To a breaker of oaths, a deceiver?'

From the first compelling moments of this one-act play the audience is drawn into contradictions confronting Medea: to challenge injustice and betrayal or accommodate to it and the financial security and comfort it could bring.

Euripides questions many social norms of the period. While Medea has no legal rights, she is the sorceress grandchild of the Sun God and therefore able to articulately explain her actions and passionately act on her plans. Medea's passionate arguments fly in the face of the Greek tradition that only the male has the ability and right to lucid, rational argument. Jason although regarded as civilized by Greek society, is by contrast weak, compromised and cowardly.

Medea also challenges ancient Greek society's decree that the greatest glory for a woman was to bear children, provide sex and to fulfill the demands of her husband.

She declares:

'Still more, a foreign women, coming among new laws,

New customs, needs the skill of magic, to find out

What her home could not teach her, how to treat the man

Whose bed she shares. And if in this exacting toil

We are succesful, and our husband does not struggle

Under the marriage yoke, our life is enviable.

Otherwise, death is better. If a man grows tired

Of the company at home, he can go out, and find

A cure for tediousness. We wives are forced to look

To one man only. And they tell us, we at home

Live free from danger, that they go out to battle -- fools!

I'd rather stand three times in the front line than bear

One child.'

Born in 484 BC, Euripides, the last great tragedian, was the first Athenian playwright to use the chorus as a commentator, to use contemporary language in his plays, and to interpret human suffering without reference to the wisdom of the gods. Rather than the humanity's actions being determined solely by the gods, Euripides strove to discover the motivations of his characters, and in so doing force the audience to examine some distasteful truths about society.
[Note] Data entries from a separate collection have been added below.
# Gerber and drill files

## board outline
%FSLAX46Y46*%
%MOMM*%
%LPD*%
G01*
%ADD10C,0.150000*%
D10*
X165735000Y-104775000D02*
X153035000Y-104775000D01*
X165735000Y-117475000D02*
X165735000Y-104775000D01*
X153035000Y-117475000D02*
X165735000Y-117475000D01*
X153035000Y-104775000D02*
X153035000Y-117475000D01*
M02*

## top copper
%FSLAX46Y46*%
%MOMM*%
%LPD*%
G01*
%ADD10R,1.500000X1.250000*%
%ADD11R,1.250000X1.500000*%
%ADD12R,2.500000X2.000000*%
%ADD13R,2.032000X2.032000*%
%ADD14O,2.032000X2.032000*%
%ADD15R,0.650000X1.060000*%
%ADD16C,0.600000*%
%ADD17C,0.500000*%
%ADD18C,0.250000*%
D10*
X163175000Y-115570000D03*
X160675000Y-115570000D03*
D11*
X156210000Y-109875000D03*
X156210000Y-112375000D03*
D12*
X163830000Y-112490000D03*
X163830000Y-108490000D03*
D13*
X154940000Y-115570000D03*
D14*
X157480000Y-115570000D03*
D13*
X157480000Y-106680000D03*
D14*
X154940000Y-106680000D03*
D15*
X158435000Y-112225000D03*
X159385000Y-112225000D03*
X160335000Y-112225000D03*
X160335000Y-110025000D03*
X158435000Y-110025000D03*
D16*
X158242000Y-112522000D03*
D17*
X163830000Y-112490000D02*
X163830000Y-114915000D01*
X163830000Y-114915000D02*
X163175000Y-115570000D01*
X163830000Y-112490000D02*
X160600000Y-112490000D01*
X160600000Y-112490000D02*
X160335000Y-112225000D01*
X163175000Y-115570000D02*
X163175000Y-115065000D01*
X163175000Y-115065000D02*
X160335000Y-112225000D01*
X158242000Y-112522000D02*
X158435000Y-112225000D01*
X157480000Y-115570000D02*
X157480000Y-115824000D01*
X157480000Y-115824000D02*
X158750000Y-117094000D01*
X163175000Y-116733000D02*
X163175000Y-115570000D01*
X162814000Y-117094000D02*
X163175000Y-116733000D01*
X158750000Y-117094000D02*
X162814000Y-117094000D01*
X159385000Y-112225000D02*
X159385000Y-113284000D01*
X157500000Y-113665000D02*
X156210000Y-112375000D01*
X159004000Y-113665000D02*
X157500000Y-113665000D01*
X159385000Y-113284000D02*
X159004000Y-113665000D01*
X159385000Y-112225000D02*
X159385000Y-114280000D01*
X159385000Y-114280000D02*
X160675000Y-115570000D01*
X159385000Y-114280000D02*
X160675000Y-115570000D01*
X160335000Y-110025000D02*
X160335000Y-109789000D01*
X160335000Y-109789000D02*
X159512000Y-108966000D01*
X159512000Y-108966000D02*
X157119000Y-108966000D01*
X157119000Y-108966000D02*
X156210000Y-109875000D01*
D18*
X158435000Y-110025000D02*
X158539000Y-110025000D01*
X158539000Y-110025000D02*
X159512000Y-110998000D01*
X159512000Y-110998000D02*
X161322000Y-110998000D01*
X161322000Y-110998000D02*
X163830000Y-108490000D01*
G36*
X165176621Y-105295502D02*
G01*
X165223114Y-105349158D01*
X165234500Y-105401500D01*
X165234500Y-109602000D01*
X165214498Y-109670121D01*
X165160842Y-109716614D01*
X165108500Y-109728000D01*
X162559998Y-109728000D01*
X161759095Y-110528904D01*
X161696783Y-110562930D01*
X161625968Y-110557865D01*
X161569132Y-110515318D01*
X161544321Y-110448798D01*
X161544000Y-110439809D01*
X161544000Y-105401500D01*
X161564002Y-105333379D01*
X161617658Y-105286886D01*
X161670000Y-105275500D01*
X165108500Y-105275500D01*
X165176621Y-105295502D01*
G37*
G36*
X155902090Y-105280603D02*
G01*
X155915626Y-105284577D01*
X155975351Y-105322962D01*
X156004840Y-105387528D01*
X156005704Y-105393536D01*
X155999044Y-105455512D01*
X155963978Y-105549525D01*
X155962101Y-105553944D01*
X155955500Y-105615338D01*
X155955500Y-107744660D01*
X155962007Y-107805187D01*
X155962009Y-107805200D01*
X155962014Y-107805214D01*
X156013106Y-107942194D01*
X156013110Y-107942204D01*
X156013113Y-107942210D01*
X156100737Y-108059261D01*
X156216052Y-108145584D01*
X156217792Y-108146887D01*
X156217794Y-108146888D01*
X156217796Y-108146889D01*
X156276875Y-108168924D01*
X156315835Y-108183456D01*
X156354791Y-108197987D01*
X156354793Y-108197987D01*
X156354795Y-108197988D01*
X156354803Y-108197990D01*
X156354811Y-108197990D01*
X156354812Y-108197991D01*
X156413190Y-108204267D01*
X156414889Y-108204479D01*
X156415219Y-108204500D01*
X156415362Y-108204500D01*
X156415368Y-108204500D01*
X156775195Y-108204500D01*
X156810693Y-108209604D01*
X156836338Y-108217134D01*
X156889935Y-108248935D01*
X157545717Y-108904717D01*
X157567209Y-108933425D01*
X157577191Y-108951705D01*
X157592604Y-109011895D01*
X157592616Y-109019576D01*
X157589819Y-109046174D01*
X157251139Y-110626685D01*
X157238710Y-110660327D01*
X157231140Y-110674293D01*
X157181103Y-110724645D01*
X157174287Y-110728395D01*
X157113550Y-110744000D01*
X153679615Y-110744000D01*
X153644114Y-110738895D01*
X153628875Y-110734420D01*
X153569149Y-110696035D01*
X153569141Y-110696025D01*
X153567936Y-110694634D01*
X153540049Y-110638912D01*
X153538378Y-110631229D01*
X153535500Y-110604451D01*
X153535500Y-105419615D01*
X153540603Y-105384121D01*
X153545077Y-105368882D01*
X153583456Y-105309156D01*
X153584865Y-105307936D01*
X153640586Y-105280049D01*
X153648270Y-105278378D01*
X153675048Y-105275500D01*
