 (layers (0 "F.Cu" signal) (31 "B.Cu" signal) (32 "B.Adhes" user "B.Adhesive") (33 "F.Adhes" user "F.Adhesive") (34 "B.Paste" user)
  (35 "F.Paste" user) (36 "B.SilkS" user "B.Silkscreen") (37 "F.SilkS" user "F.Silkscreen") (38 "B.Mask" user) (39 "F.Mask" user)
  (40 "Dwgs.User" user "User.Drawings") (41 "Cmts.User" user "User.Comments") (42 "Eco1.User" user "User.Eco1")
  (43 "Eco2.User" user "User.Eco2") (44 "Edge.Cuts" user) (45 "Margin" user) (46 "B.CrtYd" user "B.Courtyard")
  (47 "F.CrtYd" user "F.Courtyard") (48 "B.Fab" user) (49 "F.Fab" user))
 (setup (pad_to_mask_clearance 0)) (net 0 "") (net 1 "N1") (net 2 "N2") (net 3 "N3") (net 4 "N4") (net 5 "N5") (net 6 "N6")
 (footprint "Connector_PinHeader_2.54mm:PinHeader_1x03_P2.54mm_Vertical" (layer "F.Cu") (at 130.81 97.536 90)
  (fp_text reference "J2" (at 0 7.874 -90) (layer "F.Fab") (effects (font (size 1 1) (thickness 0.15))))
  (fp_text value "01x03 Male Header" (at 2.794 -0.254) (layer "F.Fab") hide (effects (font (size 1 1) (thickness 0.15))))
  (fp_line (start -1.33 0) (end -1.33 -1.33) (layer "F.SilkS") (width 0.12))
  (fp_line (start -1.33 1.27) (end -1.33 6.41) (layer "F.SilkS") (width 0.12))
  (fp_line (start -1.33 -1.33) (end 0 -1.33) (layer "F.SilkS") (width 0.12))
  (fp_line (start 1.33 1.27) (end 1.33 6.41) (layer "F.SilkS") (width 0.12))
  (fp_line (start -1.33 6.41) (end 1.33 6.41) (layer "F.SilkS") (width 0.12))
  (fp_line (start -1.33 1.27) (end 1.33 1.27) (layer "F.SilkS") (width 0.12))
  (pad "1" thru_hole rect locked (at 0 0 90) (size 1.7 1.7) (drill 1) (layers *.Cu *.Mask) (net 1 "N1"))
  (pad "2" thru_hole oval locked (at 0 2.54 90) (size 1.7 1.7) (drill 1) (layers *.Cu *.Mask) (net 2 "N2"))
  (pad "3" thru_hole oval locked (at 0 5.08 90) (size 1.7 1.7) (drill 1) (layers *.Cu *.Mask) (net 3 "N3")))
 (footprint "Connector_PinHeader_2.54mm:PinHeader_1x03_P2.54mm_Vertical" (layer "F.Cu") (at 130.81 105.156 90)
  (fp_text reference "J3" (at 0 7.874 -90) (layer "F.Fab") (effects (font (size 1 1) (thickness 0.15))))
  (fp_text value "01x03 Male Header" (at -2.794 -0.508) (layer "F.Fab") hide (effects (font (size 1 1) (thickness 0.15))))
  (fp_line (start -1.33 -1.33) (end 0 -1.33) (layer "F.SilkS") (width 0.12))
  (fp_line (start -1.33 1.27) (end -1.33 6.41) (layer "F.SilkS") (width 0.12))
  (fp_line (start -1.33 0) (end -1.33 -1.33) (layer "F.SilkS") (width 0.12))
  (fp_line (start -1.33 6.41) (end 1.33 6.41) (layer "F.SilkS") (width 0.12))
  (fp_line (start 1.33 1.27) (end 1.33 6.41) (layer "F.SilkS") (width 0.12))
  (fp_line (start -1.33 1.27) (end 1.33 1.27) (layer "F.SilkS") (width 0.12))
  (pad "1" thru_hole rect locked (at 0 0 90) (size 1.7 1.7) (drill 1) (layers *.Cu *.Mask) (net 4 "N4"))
Greek theatre initially developed from the early festivals of the god Dionysis -- the god of fertility and wine, later the god of pleasure and civilisation. At these festivals men dressed in goatskins, acted as attendants of Dionysis and chanted his praises to signal the coming rebirth in the spring. From these primitive forms, the chorus developed and became the heart of ancient Greek theatre.

Two different types of theatre evolved, the tragedy and the satyr or comic plays. In fact, the word tragedy comes from the Greek words tragos meaning goat and ode meaning song. By the fifth century BC, a six-day festival was held in Athens each year. While the main source used for the tragedies were the ancient myths, the poets reworked these myths to elaborate moral or religious truths.

Euripides' plays seldom won the prize for the best tragedy at the annual festival. Perhaps they were too penetrating for the comfort of the citizens of ancient Athens. While Euripides was not as popular as the other great playwrights of fifth century Athens -- Aeschylus and Sophocles -- his plays were in greater demand in the ensuring centuries and he is more quoted by subsequent writers than all other ancient Greek tragedians.

His work, however, should not be regarded as that of an isolated individual, but the product of the astonishing growth of Greek philosophy, arts, science and democracy over the previous 100 years. For the first time humanity was beginning to examine itself and its world, not wholly through the prism of religious doctrine. And what it saw is recognisable and reverberates with us today.

Much can be said about the National Greek Theatre's production of Medea. Production and staging were stripped bare of anything that may distract from Euripides' verse. Costumes were stark. The atmosphere was further enriched by the eerie vocal improvisations of Betty Kikolesi. Medea wore a deep slash of red body makeup across her face: an external display of the elemental fires that raged inside her, as well as giving the impression of self mutilation from her pain. Karyofyllia Karabeti, one of Greece's leading actresses, as Medea, brought an almost knife-edge intensity to the role.

The National Theatre of Greece gave only six performances of Medea in Australia. It is due to be performed in New York in September.